• **Work request**: Match the word "stroke". Return each line of the data below where it appears.

Data entries
----------------
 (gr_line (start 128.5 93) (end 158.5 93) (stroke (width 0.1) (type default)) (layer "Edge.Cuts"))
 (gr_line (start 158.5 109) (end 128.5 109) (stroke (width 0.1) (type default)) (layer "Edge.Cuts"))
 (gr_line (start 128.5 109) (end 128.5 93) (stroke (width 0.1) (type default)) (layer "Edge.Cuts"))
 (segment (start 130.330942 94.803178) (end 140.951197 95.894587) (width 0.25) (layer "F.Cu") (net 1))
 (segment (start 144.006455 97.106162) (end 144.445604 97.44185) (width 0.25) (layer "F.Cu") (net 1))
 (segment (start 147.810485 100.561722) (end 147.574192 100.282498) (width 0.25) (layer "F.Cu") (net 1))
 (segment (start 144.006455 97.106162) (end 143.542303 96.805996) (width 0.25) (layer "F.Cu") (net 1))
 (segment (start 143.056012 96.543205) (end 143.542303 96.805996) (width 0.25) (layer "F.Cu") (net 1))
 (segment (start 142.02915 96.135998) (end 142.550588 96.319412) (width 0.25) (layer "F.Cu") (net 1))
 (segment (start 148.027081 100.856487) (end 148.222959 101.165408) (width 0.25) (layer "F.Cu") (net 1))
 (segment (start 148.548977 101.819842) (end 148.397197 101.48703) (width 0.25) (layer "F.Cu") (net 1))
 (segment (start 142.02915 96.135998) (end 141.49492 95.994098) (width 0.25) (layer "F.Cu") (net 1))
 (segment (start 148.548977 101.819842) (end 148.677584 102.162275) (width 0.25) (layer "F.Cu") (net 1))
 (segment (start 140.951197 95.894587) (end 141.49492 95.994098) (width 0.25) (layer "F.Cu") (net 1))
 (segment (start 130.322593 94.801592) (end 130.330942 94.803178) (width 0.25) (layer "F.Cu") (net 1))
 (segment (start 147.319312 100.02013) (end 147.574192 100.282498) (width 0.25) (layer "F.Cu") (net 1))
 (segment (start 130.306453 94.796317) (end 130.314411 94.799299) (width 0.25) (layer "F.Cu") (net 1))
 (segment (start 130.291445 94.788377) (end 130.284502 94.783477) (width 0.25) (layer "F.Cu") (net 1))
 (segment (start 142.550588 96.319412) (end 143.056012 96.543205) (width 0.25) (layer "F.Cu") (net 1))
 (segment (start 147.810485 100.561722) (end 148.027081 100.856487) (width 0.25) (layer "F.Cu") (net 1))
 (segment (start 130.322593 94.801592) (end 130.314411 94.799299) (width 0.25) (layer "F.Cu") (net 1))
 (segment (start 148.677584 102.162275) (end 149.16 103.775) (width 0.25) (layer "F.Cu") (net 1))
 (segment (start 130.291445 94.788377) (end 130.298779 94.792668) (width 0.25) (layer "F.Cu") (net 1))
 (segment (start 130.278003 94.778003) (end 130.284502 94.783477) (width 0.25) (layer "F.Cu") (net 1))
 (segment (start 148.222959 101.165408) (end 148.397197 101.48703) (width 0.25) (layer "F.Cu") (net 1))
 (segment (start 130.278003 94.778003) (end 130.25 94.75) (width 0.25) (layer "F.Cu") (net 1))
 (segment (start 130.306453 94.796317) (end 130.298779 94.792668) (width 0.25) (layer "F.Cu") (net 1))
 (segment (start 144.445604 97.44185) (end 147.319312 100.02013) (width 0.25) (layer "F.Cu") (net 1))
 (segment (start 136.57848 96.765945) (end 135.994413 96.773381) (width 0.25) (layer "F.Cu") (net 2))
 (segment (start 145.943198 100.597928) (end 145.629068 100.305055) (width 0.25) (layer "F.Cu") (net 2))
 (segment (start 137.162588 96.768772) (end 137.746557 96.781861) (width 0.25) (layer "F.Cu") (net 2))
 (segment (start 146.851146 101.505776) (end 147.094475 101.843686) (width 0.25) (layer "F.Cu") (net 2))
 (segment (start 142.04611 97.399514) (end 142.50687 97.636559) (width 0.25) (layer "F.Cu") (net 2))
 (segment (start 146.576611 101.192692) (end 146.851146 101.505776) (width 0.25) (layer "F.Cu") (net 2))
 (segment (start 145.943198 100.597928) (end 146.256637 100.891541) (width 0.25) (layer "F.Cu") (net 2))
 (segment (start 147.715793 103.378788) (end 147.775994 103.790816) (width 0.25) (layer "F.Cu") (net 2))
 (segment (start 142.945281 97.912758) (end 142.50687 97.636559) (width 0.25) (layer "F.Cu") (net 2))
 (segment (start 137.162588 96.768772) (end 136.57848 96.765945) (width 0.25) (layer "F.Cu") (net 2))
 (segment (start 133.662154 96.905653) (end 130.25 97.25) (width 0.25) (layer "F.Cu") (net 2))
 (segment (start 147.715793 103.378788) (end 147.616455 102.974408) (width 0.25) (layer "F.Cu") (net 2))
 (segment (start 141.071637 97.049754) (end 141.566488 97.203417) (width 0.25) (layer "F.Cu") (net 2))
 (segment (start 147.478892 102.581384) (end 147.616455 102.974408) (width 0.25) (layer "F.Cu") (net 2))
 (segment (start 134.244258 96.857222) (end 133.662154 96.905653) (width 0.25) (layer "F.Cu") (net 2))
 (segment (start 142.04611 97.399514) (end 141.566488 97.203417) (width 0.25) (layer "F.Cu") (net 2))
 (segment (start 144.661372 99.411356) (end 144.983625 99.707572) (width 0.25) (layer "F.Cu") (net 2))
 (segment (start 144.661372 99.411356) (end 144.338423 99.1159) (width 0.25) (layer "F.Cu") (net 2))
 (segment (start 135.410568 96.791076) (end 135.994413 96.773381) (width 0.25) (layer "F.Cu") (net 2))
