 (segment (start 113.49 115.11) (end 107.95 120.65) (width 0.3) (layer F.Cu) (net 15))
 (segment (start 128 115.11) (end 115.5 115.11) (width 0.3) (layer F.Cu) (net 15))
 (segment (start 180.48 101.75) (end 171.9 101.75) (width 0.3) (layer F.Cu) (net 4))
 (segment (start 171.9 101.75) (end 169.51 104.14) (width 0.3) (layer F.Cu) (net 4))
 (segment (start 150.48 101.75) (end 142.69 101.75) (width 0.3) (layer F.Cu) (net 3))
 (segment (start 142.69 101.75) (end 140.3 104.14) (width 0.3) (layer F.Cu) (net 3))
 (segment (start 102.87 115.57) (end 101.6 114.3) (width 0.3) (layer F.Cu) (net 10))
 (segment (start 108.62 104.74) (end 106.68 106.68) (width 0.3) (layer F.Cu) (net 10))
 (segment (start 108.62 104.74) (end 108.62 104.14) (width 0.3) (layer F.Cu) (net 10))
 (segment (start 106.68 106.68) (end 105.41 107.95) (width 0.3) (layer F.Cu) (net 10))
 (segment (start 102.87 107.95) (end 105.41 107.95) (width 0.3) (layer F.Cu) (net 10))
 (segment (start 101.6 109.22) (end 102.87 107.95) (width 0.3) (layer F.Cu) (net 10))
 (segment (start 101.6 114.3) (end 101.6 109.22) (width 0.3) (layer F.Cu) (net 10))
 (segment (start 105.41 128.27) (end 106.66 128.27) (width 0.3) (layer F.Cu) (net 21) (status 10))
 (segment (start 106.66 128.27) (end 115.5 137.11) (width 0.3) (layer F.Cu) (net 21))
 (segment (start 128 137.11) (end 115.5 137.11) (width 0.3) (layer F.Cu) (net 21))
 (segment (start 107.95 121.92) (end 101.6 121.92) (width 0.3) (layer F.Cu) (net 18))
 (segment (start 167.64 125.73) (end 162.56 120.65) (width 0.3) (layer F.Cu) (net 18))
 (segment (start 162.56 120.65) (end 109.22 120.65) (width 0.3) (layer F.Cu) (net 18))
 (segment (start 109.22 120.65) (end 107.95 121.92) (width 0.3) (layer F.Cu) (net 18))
----------------
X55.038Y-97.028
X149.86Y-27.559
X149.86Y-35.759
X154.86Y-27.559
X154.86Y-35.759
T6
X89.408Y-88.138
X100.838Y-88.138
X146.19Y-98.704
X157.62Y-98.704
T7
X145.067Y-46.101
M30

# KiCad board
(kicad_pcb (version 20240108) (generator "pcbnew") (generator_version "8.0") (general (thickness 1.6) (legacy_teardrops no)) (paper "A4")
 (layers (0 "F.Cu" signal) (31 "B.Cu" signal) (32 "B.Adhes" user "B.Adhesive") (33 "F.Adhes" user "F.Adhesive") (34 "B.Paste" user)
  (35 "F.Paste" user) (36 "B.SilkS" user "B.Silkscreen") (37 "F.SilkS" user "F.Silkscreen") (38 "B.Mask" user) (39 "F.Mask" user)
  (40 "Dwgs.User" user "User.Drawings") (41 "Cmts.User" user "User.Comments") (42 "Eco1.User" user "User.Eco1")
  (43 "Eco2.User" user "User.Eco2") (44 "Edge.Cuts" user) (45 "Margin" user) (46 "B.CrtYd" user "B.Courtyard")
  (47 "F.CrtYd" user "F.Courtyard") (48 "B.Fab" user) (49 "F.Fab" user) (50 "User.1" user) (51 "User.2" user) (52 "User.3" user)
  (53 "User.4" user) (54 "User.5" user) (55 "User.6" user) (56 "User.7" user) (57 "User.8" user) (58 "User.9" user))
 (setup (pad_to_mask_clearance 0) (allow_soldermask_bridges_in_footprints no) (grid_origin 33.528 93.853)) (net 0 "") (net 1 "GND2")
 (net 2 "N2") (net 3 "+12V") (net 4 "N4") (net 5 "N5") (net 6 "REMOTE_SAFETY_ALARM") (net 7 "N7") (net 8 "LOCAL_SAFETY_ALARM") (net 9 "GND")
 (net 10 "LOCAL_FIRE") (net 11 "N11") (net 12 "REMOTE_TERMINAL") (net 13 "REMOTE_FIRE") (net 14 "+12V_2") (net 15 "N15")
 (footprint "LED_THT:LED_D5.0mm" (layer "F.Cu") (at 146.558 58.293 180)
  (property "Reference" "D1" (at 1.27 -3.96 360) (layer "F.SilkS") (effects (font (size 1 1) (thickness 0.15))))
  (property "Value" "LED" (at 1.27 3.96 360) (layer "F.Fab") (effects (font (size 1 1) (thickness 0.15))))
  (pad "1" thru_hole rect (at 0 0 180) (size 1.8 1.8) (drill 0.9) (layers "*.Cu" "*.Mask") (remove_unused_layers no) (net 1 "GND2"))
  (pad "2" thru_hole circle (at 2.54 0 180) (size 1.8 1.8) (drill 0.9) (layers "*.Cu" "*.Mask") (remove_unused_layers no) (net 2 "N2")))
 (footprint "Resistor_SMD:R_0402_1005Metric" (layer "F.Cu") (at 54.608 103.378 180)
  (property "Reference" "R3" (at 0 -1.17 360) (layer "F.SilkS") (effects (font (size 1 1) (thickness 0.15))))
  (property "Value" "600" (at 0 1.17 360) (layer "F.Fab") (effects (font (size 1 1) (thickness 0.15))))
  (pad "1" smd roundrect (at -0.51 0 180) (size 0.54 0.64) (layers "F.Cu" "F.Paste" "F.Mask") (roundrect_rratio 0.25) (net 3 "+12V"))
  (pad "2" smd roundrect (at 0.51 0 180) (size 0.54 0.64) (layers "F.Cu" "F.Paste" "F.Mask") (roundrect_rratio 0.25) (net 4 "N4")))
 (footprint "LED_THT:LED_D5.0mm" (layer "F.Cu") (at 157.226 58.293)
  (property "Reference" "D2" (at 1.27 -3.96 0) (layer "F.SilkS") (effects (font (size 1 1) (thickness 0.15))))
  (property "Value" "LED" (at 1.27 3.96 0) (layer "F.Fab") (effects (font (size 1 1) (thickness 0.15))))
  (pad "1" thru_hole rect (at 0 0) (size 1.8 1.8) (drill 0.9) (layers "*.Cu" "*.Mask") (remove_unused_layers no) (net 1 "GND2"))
----------------
• **Answer section**:
 (gr_line (start 128.5 93) (end 158.5 93) (stroke (width 0.1) (type default)) (layer "Edge.Cuts"))
 (gr_line (start 158.5 109) (end 128.5 109) (stroke (width 0.1) (type default)) (layer "Edge.Cuts"))
 (gr_line (start 128.5 109) (end 128.5 93) (stroke (width 0.1) (type default)) (layer "Edge.Cuts"))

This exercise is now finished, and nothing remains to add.